RENAUD D’AVÈNE DES MÉLOIZES, NICOLAS, army officer and seigneur; b. 22 Nov. 1729 at Quebec, son of Nicolas-Marie Renaud* d’Avène Des Méloizes, officer in the colonial regular troops, and Angélique Chartier de Lotbinière; m. 5 Jan. 1767 Agathe-Louise de Fresnoy, and they had three children; d. 30 Aug. 1803 in Blois, France.
Like many an officer’s son Nicolas Renaud d’Avène Des Méloizes began serving in the colonial regular troops at an early age, becoming a cadet on 1 Jan. 1741. He participated in the Acadian campaign of 1746–47 [see Jean-Baptiste-Nicolas-Roch de Ramezay*] and was commissioned second ensign on 15 Feb. 1748, then ensign on 1 April 1753. From 1753 to 1755 he served in the operations in the Ohio valley [see Ange Duquesne* de Menneville] and distinguished himself sufficiently to reach the rank of lieutenant on 1 May 1757.
In February and March 1758 Des Méloizes, acting as attorney for his brother-in-law Michel-Jean-Hugues Péan*, attended to hiring a dozen voyageurs for the poste du Nord in the pays d’en haut. That same year he took part in the battle at Carillon (near Ticonderoga, N.Y.), and on 1 Jan. 1759 he was promoted captain and adjutant of the garrison at Quebec. Governor Vaudreuil [Pierre de Rigaud*] had recommended him warmly, and the king’s order declared: “This officer is a master of all the details connected with the adjutant’s duties. He has carried them out with all possible intelligence and dispatch in all the recent campaigns, and he is capable of assisting the adjutant general.”
Des Méloizes distinguished himself again in the battle of Sainte-Foy on 28 April 1760 [see François de Lévis*], performing “prodigious acts of valour,” according to Vaudreuil; his brother Louis-François was killed close by him. Seriously wounded in the thigh by a shell fragment on 13 May, he remained in the Hôpital Général of Quebec, since the surgeon refused to evacuate him. On the strength of the agreement for the exchange of prisoners James Murray* promised that he would be allowed to rejoin the French army as soon as he had recovered, but changed his mind and decided to send him on parole to France. Des Méloizes arrived in La Rochelle early in December 1760 and received the cross of Saint-Louis on 24 March 1761. For a short time he was suspected of complicity in Intendant Bigot*’s malfeasance, but no evidence could be brought against him. On 8 May 1764, therefore, he received a warrant for a pension of 800 livres. Although Des Méloizes had, it seems, always been considered “an outstanding officer because of his courage and talents,” he then quit the service for good.

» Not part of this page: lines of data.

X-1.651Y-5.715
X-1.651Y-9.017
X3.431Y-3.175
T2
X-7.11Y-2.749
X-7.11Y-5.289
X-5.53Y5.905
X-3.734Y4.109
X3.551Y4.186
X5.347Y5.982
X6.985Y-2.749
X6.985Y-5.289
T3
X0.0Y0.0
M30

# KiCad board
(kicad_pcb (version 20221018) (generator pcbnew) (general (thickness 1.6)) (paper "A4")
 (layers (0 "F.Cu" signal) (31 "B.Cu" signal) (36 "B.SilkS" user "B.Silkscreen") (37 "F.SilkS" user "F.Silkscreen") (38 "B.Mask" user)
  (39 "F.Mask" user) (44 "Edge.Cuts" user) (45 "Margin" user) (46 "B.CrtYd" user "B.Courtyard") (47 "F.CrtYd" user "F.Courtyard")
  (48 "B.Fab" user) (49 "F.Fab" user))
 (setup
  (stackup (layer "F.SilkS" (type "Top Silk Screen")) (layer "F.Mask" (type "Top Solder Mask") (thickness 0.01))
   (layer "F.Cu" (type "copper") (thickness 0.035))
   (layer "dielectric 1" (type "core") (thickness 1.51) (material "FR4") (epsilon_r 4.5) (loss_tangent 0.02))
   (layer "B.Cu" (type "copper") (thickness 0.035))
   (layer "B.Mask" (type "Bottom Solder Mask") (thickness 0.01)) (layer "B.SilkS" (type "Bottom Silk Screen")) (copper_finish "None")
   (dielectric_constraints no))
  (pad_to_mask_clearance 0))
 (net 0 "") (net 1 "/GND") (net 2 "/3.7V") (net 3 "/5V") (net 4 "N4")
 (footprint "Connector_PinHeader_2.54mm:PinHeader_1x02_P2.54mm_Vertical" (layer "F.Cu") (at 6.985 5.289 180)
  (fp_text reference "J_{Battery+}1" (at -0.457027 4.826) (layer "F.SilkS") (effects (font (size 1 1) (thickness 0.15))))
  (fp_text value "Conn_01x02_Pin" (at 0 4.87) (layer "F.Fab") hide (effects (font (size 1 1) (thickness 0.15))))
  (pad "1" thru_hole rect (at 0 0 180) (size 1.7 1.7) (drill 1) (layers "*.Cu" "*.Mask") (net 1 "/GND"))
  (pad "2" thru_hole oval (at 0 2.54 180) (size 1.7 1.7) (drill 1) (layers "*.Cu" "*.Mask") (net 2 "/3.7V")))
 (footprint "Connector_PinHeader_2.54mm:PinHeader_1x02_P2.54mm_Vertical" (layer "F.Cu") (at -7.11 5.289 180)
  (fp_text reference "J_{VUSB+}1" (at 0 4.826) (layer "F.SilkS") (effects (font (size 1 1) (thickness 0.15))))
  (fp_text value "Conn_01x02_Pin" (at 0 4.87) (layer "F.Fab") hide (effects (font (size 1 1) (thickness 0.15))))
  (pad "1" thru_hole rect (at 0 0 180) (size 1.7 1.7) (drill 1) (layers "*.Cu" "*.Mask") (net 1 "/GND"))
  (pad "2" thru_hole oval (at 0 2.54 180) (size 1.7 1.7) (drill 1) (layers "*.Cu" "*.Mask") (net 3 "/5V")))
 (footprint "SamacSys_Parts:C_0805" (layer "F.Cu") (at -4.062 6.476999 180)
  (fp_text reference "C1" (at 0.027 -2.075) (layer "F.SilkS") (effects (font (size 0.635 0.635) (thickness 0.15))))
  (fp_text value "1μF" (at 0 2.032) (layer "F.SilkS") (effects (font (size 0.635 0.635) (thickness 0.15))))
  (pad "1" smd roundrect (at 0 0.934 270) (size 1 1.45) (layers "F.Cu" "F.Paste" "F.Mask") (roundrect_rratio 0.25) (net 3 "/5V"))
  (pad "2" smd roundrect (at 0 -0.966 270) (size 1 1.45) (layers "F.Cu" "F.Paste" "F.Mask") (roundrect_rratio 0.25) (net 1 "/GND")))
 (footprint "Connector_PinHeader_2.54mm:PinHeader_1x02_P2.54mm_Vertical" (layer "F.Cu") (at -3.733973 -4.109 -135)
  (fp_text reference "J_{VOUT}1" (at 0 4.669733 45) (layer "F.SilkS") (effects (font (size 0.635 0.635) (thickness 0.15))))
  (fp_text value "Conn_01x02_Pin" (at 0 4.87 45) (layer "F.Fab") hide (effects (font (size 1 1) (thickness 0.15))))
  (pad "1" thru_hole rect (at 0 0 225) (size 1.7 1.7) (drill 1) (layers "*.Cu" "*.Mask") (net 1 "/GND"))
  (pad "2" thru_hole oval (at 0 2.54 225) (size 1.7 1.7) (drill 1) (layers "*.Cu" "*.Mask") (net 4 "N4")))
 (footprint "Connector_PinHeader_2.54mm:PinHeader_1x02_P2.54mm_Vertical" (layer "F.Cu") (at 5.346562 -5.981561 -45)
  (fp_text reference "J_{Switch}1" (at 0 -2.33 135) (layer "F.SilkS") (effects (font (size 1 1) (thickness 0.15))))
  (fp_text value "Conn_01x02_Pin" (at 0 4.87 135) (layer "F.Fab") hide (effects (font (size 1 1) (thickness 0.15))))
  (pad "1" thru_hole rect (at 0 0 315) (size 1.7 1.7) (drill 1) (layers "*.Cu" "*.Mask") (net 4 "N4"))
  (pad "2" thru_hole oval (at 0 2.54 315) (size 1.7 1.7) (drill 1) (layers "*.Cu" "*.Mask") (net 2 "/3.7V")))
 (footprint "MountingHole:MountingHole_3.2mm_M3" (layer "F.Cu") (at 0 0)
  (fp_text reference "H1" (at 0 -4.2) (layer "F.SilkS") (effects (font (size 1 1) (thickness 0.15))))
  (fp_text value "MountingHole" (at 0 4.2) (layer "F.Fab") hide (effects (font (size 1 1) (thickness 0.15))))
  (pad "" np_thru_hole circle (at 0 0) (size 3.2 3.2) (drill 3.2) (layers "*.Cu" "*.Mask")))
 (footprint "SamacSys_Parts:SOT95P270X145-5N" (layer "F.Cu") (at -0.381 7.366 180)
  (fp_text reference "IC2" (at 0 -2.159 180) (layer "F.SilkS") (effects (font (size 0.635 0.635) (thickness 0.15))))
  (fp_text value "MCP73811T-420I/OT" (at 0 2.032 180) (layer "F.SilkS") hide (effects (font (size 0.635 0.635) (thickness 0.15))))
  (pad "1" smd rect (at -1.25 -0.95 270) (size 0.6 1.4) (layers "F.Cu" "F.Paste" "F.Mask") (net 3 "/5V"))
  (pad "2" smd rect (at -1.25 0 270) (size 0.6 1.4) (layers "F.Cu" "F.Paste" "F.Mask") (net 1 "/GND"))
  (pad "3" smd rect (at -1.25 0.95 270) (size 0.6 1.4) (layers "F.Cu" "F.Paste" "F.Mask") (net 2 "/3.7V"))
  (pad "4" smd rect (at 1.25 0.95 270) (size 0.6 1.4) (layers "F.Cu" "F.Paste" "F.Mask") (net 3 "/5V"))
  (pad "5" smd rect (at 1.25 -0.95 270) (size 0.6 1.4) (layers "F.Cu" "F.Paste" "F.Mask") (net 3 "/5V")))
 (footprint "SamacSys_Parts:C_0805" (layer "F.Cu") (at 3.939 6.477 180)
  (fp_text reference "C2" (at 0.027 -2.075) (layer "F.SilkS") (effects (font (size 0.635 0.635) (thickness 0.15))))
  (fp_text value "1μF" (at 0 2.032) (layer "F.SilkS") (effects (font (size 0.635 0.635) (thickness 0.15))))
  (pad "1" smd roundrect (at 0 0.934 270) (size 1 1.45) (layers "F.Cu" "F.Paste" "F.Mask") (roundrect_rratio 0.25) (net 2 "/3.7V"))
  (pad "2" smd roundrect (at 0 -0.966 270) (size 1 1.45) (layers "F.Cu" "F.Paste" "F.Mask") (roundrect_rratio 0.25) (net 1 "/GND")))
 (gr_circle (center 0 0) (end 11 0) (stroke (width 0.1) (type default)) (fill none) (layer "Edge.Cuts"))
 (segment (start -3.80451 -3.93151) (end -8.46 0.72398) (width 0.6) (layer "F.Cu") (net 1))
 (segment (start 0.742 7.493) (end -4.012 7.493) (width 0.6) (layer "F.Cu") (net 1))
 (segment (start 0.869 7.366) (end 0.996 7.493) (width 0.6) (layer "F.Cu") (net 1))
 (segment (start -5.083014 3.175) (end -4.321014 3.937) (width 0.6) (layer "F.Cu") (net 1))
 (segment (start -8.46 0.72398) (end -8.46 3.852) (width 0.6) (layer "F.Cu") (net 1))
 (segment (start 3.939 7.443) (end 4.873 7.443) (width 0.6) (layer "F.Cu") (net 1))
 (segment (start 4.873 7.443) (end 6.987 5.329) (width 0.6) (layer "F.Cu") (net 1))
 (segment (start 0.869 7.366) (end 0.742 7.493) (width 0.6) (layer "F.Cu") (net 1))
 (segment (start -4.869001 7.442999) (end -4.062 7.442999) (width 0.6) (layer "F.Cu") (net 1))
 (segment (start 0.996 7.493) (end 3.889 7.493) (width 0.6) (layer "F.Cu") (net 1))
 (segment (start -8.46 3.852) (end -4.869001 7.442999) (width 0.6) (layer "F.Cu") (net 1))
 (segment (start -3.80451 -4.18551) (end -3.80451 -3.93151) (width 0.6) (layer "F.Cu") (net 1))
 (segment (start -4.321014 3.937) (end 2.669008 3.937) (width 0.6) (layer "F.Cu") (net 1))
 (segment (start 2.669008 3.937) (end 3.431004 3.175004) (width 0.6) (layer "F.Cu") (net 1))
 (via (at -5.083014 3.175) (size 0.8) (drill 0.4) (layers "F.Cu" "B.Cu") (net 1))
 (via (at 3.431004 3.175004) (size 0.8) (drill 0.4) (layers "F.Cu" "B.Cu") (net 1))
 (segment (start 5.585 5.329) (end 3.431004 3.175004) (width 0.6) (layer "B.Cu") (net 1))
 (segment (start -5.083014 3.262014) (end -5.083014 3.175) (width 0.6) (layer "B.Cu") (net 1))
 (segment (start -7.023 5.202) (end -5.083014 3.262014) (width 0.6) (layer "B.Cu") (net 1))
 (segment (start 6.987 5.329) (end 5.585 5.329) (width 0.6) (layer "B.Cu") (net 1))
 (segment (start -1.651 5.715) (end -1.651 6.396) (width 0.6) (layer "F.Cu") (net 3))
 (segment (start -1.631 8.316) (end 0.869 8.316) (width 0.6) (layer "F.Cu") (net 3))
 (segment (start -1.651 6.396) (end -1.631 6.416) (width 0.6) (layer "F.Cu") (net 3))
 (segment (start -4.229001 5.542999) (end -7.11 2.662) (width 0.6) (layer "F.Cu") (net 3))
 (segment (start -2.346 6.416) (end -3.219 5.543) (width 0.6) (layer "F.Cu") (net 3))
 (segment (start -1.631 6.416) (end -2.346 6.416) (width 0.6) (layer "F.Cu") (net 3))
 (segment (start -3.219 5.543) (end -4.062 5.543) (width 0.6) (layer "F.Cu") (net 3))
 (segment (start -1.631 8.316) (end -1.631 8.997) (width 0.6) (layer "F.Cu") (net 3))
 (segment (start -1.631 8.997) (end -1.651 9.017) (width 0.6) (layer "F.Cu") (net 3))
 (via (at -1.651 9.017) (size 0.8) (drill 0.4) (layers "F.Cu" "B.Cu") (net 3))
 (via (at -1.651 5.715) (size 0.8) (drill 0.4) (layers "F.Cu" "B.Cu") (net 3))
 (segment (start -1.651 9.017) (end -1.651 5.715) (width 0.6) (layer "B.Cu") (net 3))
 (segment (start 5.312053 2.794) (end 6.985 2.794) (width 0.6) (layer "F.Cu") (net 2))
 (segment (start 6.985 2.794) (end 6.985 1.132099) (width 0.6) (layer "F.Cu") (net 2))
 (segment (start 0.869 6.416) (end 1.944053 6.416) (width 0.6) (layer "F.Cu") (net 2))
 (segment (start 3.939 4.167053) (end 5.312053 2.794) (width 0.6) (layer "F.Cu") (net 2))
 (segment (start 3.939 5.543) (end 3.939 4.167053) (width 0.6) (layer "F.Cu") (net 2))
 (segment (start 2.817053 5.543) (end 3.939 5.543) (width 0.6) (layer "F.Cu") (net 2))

In November of that year Des Méloizes was at Quebec. He saw to the managing of the seigneury of Neuville, which he had inherited from his father. He made land grants and bought and sold farms. In September 1765 he turned over his seigneury to Joseph Brassard* Deschenaux for 40,000 livres. Then he returned to France. In 1787 he represented the nobility of the bailliage of Senlis at the provincial assembly of Île-de-France.
AD, Loir-et-Cher (Blois), État civil, Blois, 30 août 1803. AN, Col., C11A, 104, 105; D2C, 48: f.349; E, 126 (dossier Renaud d’Avène Des Méloizes). ANQ-Q, CE1-1, 22 nov. 1729; CN1-250, 11, 15, 21, 23, 24 févr., 1er, 8, 9, 14 mars 1758; 28 nov., 2, 8, 20 déc. 1764; 23–25 janv., 4, 26, 30 juill., 1er août 1765. Bibliothèque nationale (Paris), mss, Fr., Chérin 170. Nicolas Renaud d’Avène Des Méloizes, “Journal militaire tenu par Nicolas Renaud d’Avène Des Méloizes, cher, seigneur de Neuville, au Canada du 19 juillet 1756 au 30 octobre de la même année,” ANQ Rapport, 1928–29: 4–86. P.-G. Roy, Inv. concessions, 2: 27; “La famille Renaud d’Avène Des Méloizes,” BRH, 13 (1907): 161–81, 193–209.